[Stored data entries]
◇ ◇ ◇

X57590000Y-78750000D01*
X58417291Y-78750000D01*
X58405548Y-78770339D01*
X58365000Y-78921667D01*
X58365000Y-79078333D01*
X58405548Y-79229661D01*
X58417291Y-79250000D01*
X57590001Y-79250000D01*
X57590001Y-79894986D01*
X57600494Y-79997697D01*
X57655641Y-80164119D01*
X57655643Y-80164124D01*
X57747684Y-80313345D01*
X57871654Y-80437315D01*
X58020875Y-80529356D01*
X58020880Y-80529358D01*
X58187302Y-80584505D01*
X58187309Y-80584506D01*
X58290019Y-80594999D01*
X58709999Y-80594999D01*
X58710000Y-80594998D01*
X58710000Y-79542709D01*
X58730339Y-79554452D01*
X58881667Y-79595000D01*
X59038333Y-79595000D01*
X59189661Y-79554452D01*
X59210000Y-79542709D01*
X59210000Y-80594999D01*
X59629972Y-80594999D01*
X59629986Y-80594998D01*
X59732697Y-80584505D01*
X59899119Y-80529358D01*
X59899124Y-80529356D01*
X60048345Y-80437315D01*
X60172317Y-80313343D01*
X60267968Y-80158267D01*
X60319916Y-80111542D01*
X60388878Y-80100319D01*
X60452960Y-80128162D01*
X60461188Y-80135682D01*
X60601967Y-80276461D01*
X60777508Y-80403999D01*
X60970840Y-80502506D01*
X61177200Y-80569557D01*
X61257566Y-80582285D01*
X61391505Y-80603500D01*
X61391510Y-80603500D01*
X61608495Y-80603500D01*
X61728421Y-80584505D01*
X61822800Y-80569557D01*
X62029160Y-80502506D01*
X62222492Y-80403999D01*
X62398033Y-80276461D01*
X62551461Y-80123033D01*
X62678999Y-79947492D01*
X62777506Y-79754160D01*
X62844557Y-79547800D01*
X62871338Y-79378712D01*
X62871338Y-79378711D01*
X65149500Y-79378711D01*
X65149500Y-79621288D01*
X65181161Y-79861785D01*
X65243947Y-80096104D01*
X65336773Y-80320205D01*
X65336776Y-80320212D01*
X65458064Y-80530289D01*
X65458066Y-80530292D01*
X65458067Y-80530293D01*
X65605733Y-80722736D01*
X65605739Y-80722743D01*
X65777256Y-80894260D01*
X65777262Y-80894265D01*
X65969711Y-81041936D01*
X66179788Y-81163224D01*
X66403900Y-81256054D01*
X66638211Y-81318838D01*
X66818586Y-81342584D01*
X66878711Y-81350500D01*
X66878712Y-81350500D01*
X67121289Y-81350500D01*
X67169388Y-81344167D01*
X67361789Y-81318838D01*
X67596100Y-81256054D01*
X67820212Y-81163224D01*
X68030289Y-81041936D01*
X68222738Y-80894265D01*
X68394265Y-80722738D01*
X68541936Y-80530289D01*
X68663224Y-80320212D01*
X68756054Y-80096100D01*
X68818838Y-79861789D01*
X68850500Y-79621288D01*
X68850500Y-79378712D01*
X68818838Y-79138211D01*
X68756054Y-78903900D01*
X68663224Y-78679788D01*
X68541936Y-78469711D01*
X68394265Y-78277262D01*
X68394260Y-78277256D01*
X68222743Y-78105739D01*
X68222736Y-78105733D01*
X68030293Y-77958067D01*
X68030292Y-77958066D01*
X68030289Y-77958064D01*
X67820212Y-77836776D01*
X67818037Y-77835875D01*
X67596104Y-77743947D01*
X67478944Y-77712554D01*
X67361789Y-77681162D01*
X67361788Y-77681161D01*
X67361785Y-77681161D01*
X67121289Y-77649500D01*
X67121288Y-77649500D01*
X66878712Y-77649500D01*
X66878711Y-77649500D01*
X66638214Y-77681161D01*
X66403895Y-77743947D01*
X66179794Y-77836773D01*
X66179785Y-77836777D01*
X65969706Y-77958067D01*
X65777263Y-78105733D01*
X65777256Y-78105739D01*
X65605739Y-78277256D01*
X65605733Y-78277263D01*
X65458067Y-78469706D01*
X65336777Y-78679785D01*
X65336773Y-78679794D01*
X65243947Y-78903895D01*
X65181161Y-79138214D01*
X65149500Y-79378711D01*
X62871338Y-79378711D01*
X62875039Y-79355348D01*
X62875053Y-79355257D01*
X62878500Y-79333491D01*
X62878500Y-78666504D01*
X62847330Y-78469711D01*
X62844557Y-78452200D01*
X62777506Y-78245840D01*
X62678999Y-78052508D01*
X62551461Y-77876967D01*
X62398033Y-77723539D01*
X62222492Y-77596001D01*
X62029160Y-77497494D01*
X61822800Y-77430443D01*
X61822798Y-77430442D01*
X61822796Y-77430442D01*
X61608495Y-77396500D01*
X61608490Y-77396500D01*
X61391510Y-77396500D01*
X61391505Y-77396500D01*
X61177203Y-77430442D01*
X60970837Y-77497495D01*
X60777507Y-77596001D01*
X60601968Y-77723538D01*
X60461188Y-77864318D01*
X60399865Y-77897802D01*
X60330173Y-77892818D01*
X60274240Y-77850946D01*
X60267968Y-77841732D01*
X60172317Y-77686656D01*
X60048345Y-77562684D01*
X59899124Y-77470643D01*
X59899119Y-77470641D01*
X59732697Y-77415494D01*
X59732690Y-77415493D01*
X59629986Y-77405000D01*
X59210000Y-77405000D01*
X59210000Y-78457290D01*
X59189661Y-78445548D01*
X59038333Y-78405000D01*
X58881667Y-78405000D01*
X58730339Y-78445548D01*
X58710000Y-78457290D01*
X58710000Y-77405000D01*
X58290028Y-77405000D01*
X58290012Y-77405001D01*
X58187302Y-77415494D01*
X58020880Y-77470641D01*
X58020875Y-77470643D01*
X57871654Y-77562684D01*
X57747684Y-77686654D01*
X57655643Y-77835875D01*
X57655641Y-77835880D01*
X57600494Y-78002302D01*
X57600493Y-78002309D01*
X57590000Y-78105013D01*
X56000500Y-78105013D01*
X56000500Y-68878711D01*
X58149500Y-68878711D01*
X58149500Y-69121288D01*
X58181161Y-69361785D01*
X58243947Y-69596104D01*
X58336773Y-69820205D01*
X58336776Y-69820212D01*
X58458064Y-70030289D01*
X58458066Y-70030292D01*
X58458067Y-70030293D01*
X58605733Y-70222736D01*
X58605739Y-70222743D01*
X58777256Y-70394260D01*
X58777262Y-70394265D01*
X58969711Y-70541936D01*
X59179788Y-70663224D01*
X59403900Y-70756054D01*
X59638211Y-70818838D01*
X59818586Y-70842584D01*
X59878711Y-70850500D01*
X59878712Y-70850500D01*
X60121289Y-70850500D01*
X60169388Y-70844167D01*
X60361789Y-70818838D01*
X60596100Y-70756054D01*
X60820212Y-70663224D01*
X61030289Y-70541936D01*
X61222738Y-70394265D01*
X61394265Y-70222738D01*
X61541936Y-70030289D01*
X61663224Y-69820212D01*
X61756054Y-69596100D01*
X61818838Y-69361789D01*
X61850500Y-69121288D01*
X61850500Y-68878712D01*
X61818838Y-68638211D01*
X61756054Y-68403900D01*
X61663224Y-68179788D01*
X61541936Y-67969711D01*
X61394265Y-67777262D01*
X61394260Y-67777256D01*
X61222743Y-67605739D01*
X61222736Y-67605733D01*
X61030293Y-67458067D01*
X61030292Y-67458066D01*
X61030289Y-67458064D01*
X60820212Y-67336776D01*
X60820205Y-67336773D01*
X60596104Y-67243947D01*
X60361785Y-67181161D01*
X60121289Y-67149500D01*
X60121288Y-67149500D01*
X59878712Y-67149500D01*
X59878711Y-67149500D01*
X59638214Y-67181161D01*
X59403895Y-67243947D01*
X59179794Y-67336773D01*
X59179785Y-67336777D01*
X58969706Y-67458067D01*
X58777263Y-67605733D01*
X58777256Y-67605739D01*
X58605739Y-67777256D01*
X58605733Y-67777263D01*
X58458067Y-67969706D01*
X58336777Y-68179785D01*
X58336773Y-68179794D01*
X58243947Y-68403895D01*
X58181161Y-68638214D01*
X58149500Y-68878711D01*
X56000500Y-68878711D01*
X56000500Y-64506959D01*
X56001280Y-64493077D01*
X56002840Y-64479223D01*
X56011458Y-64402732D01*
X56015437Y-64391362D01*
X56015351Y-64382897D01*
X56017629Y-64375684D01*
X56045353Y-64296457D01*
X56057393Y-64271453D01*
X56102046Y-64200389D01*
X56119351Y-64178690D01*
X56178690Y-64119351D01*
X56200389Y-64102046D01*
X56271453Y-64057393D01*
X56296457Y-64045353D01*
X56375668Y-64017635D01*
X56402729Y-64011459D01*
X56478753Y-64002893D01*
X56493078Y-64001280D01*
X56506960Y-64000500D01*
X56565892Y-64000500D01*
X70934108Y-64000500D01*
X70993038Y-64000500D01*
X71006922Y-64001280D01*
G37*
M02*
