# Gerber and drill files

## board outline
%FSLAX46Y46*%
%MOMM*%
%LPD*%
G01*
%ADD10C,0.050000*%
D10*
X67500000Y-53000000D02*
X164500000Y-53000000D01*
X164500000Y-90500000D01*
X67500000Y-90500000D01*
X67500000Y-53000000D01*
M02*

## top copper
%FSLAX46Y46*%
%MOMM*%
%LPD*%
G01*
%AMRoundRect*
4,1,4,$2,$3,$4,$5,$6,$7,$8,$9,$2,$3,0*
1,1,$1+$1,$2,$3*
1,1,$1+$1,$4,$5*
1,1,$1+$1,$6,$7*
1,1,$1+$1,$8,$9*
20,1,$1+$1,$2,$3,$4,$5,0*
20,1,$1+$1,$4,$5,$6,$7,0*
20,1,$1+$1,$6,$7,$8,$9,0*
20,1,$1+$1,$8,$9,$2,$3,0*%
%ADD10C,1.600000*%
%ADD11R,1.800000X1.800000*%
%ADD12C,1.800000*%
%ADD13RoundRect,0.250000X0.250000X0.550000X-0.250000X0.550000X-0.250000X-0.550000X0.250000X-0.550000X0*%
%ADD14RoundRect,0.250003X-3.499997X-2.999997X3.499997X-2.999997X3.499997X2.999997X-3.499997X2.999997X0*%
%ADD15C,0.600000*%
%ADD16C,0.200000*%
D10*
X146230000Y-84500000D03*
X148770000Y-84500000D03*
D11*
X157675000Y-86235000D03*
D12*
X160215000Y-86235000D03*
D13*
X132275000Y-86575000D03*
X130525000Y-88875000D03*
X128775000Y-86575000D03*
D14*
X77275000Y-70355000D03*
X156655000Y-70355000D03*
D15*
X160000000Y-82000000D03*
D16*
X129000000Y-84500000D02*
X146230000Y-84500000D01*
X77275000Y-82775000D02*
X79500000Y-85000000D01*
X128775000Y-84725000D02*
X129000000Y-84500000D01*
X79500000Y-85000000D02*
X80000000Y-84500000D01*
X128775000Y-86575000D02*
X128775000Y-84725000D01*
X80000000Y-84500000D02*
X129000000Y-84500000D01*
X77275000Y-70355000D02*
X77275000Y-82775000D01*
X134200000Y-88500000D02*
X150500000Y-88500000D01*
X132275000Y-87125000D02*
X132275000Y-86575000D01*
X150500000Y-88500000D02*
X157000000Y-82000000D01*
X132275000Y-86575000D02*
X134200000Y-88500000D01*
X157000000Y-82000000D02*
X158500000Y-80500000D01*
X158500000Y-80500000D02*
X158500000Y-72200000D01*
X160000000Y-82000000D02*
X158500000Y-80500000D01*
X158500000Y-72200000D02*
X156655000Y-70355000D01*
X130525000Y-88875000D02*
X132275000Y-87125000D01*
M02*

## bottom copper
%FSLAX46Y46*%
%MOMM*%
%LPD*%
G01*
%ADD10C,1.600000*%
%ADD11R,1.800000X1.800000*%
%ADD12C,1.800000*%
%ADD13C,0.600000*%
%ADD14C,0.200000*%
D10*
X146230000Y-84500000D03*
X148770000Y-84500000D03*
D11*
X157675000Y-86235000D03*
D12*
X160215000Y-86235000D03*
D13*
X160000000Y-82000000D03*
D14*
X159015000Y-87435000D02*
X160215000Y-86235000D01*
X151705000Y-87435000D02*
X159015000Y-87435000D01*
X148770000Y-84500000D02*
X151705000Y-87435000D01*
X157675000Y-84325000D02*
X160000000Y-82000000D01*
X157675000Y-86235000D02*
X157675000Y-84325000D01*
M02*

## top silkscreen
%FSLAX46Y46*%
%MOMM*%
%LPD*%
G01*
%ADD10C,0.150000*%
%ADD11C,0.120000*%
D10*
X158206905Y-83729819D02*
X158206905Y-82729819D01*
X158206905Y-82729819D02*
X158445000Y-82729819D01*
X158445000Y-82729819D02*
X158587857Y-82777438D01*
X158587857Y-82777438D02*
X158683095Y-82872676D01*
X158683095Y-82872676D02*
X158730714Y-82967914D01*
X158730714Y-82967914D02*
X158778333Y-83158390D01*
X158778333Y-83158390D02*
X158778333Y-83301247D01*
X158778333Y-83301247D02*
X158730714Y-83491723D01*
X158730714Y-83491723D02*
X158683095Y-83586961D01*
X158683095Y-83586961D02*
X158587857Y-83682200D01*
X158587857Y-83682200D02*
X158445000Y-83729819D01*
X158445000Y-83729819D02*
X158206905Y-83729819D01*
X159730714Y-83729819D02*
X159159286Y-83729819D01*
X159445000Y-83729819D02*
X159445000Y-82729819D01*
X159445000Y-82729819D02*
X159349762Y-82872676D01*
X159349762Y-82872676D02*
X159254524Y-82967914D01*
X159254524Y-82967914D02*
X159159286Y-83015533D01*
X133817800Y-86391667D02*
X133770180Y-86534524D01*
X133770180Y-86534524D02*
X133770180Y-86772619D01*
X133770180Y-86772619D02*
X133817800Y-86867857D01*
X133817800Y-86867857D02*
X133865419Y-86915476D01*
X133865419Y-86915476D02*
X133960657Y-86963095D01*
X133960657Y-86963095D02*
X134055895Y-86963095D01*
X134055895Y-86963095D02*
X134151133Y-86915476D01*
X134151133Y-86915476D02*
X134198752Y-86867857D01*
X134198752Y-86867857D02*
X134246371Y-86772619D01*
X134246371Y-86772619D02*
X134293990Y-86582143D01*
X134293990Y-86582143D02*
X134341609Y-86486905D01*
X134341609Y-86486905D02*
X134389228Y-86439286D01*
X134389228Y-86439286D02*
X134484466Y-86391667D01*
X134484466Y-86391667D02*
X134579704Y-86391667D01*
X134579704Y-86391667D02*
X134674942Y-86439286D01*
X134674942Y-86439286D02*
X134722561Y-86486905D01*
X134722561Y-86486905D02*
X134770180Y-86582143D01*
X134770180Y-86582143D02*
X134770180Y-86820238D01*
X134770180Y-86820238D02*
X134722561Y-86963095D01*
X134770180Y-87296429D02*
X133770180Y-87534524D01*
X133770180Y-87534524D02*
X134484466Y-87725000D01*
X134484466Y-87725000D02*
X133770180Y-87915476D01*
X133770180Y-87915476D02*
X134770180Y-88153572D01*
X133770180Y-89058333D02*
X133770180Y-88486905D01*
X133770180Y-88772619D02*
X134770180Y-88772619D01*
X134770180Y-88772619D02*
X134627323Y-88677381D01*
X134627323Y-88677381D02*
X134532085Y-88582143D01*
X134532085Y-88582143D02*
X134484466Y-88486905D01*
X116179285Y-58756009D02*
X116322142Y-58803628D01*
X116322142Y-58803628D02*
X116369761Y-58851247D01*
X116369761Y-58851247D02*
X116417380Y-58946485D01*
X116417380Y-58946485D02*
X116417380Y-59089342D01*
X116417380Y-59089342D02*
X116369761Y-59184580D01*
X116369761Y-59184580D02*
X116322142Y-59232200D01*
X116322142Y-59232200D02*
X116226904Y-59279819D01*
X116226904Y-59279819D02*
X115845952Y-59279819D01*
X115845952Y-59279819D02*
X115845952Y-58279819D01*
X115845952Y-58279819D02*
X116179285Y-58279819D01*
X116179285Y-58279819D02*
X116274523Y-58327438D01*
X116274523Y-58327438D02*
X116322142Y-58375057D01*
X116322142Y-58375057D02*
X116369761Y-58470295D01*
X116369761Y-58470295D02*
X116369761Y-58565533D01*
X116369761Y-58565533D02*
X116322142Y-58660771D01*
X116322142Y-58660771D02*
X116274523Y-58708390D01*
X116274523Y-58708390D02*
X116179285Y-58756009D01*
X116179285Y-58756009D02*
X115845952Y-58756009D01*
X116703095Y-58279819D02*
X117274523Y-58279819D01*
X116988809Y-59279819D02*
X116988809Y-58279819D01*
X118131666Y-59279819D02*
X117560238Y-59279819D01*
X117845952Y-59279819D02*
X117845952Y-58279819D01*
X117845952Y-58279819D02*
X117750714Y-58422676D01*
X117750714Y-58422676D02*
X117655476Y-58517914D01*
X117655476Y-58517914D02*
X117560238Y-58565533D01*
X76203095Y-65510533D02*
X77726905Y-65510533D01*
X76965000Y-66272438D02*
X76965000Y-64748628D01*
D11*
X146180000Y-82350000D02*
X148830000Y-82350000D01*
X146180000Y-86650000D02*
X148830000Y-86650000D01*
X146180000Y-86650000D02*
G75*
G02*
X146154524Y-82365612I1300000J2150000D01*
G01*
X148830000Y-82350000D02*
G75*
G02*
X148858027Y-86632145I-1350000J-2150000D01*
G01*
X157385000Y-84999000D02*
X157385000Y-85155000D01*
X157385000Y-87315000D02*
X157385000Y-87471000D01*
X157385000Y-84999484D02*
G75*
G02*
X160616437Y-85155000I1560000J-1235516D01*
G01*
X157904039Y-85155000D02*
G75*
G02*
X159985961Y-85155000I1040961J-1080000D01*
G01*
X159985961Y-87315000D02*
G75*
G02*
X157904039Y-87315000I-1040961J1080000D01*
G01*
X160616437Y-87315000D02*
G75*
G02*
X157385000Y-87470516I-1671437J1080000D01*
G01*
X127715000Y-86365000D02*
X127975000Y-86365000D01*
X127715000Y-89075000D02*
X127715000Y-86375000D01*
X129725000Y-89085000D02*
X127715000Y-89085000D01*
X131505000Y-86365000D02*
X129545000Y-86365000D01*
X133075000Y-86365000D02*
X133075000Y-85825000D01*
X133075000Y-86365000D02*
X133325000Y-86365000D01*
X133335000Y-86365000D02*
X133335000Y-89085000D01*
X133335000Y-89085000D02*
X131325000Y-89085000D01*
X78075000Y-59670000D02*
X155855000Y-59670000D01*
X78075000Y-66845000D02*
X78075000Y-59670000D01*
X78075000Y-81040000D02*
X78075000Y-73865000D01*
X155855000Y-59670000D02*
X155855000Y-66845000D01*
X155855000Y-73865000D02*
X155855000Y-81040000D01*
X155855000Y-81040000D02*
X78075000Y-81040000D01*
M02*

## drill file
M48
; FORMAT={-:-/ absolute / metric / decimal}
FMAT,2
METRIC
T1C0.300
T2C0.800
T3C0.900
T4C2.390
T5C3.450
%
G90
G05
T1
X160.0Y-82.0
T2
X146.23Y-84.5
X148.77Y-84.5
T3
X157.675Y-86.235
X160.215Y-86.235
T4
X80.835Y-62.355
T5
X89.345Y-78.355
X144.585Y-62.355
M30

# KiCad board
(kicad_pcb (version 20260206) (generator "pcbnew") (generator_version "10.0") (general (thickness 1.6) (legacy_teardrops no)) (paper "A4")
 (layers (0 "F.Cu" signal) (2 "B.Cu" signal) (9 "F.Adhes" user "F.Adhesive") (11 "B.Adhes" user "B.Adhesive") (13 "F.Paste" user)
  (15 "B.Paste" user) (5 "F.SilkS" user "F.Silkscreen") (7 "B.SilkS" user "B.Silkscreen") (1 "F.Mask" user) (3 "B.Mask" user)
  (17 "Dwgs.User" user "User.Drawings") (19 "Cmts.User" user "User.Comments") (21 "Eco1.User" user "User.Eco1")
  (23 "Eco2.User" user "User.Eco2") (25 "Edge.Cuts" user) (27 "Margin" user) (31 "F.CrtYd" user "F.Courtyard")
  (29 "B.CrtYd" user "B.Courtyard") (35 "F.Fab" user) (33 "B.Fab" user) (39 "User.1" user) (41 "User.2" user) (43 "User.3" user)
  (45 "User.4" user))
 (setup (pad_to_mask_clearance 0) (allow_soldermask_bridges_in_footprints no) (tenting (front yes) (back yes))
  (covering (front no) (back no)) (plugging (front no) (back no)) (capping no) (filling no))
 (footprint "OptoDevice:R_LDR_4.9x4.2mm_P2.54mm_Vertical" (layer "F.Cu") (at 146.23 84.5)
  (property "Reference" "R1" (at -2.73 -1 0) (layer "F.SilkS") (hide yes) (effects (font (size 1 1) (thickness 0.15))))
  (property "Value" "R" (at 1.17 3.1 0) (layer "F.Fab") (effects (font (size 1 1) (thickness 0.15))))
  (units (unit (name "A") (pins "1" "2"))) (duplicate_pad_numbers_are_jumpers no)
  (fp_line (start -0.05 -2.15) (end 2.6 -2.15) (stroke (width 0.12) (type solid)) (layer "F.SilkS"))
  (fp_line (start -0.05 2.15) (end 2.6 2.15) (stroke (width 0.12) (type solid)) (layer "F.SilkS"))
  (fp_arc (start -0.05 2.15) (mid -1.262424 0.01494) (end -0.075476 -2.134388) (stroke (width 0.12) (type solid)) (layer "F.SilkS"))
  (fp_arc (start 2.6 -2.15) (mid 3.788646 -0.016616) (end 2.628027 2.132145) (stroke (width 0.12) (type solid)) (layer "F.SilkS"))
  (pad "1" thru_hole circle (at 0 0) (size 1.6 1.6) (drill 0.8) (layers "*.Cu" "*.Mask") (remove_unused_layers no) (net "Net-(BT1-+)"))
  (pad "2" thru_hole circle (at 2.54 0) (size 1.6 1.6) (drill 0.8) (layers "*.Cu" "*.Mask") (remove_unused_layers no) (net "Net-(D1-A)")))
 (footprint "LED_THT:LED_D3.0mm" (layer "F.Cu") (at 157.675 86.235)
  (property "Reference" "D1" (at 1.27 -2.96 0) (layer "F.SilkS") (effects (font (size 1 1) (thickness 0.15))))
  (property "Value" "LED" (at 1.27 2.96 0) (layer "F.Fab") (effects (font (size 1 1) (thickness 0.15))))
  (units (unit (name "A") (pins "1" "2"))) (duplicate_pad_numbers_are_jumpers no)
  (fp_line (start -0.29 -1.236) (end -0.29 -1.08) (stroke (width 0.12) (type solid)) (layer "F.SilkS"))
  (fp_line (start -0.29 1.08) (end -0.29 1.236) (stroke (width 0.12) (type solid)) (layer "F.SilkS"))
  (fp_arc (start -0.29 -1.235516) (mid 1.36566 -1.987699) (end 2.941437 -1.08) (stroke (width 0.12) (type solid)) (layer "F.SilkS"))
  (fp_arc (start 0.229039 -1.08) (mid 1.27 -1.5) (end 2.310961 -1.08) (stroke (width 0.12) (type solid)) (layer "F.SilkS"))
  (fp_arc (start 2.310961 1.08) (mid 1.27 1.5) (end 0.229039 1.08) (stroke (width 0.12) (type solid)) (layer "F.SilkS"))
  (fp_arc (start 2.941437 1.08) (mid 1.36566 1.987699) (end -0.29 1.235516) (stroke (width 0.12) (type solid)) (layer "F.SilkS"))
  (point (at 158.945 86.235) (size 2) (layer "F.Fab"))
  (pad "1" thru_hole rect (at 0 0) (size 1.8 1.8) (drill 0.9) (layers "*.Cu" "*.Mask") (remove_unused_layers no) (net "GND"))
  (pad "2" thru_hole circle (at 2.54 0) (size 1.8 1.8) (drill 0.9) (layers "*.Cu" "*.Mask") (remove_unused_layers no) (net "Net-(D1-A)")))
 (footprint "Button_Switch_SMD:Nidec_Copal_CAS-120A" (layer "F.Cu") (at 130.525 87.725 -90)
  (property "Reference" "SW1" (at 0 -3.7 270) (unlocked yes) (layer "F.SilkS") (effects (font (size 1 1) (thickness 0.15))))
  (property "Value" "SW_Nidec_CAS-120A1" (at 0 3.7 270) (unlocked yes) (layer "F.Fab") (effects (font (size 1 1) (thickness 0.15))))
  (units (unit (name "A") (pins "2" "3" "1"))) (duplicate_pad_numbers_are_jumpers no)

◇ ◇ ◇

* **WORK TO BE COMPLETED**
Wherever the line holding "X158778333Y-83158390D02*" falls in the entries above, copy exactly from it through the line holding "X159730714Y-83729819D02*", inclusive, and add nothing.

* **COMPLETED EXERCISE**
X158778333Y-83158390D02*
X158778333Y-83301247D01*
X158778333Y-83301247D02*
X158730714Y-83491723D01*
X158730714Y-83491723D02*
X158683095Y-83586961D01*
X158683095Y-83586961D02*
X158587857Y-83682200D01*
X158587857Y-83682200D02*
X158445000Y-83729819D01*
X158445000Y-83729819D02*
X158206905Y-83729819D01*
X159730714Y-83729819D02*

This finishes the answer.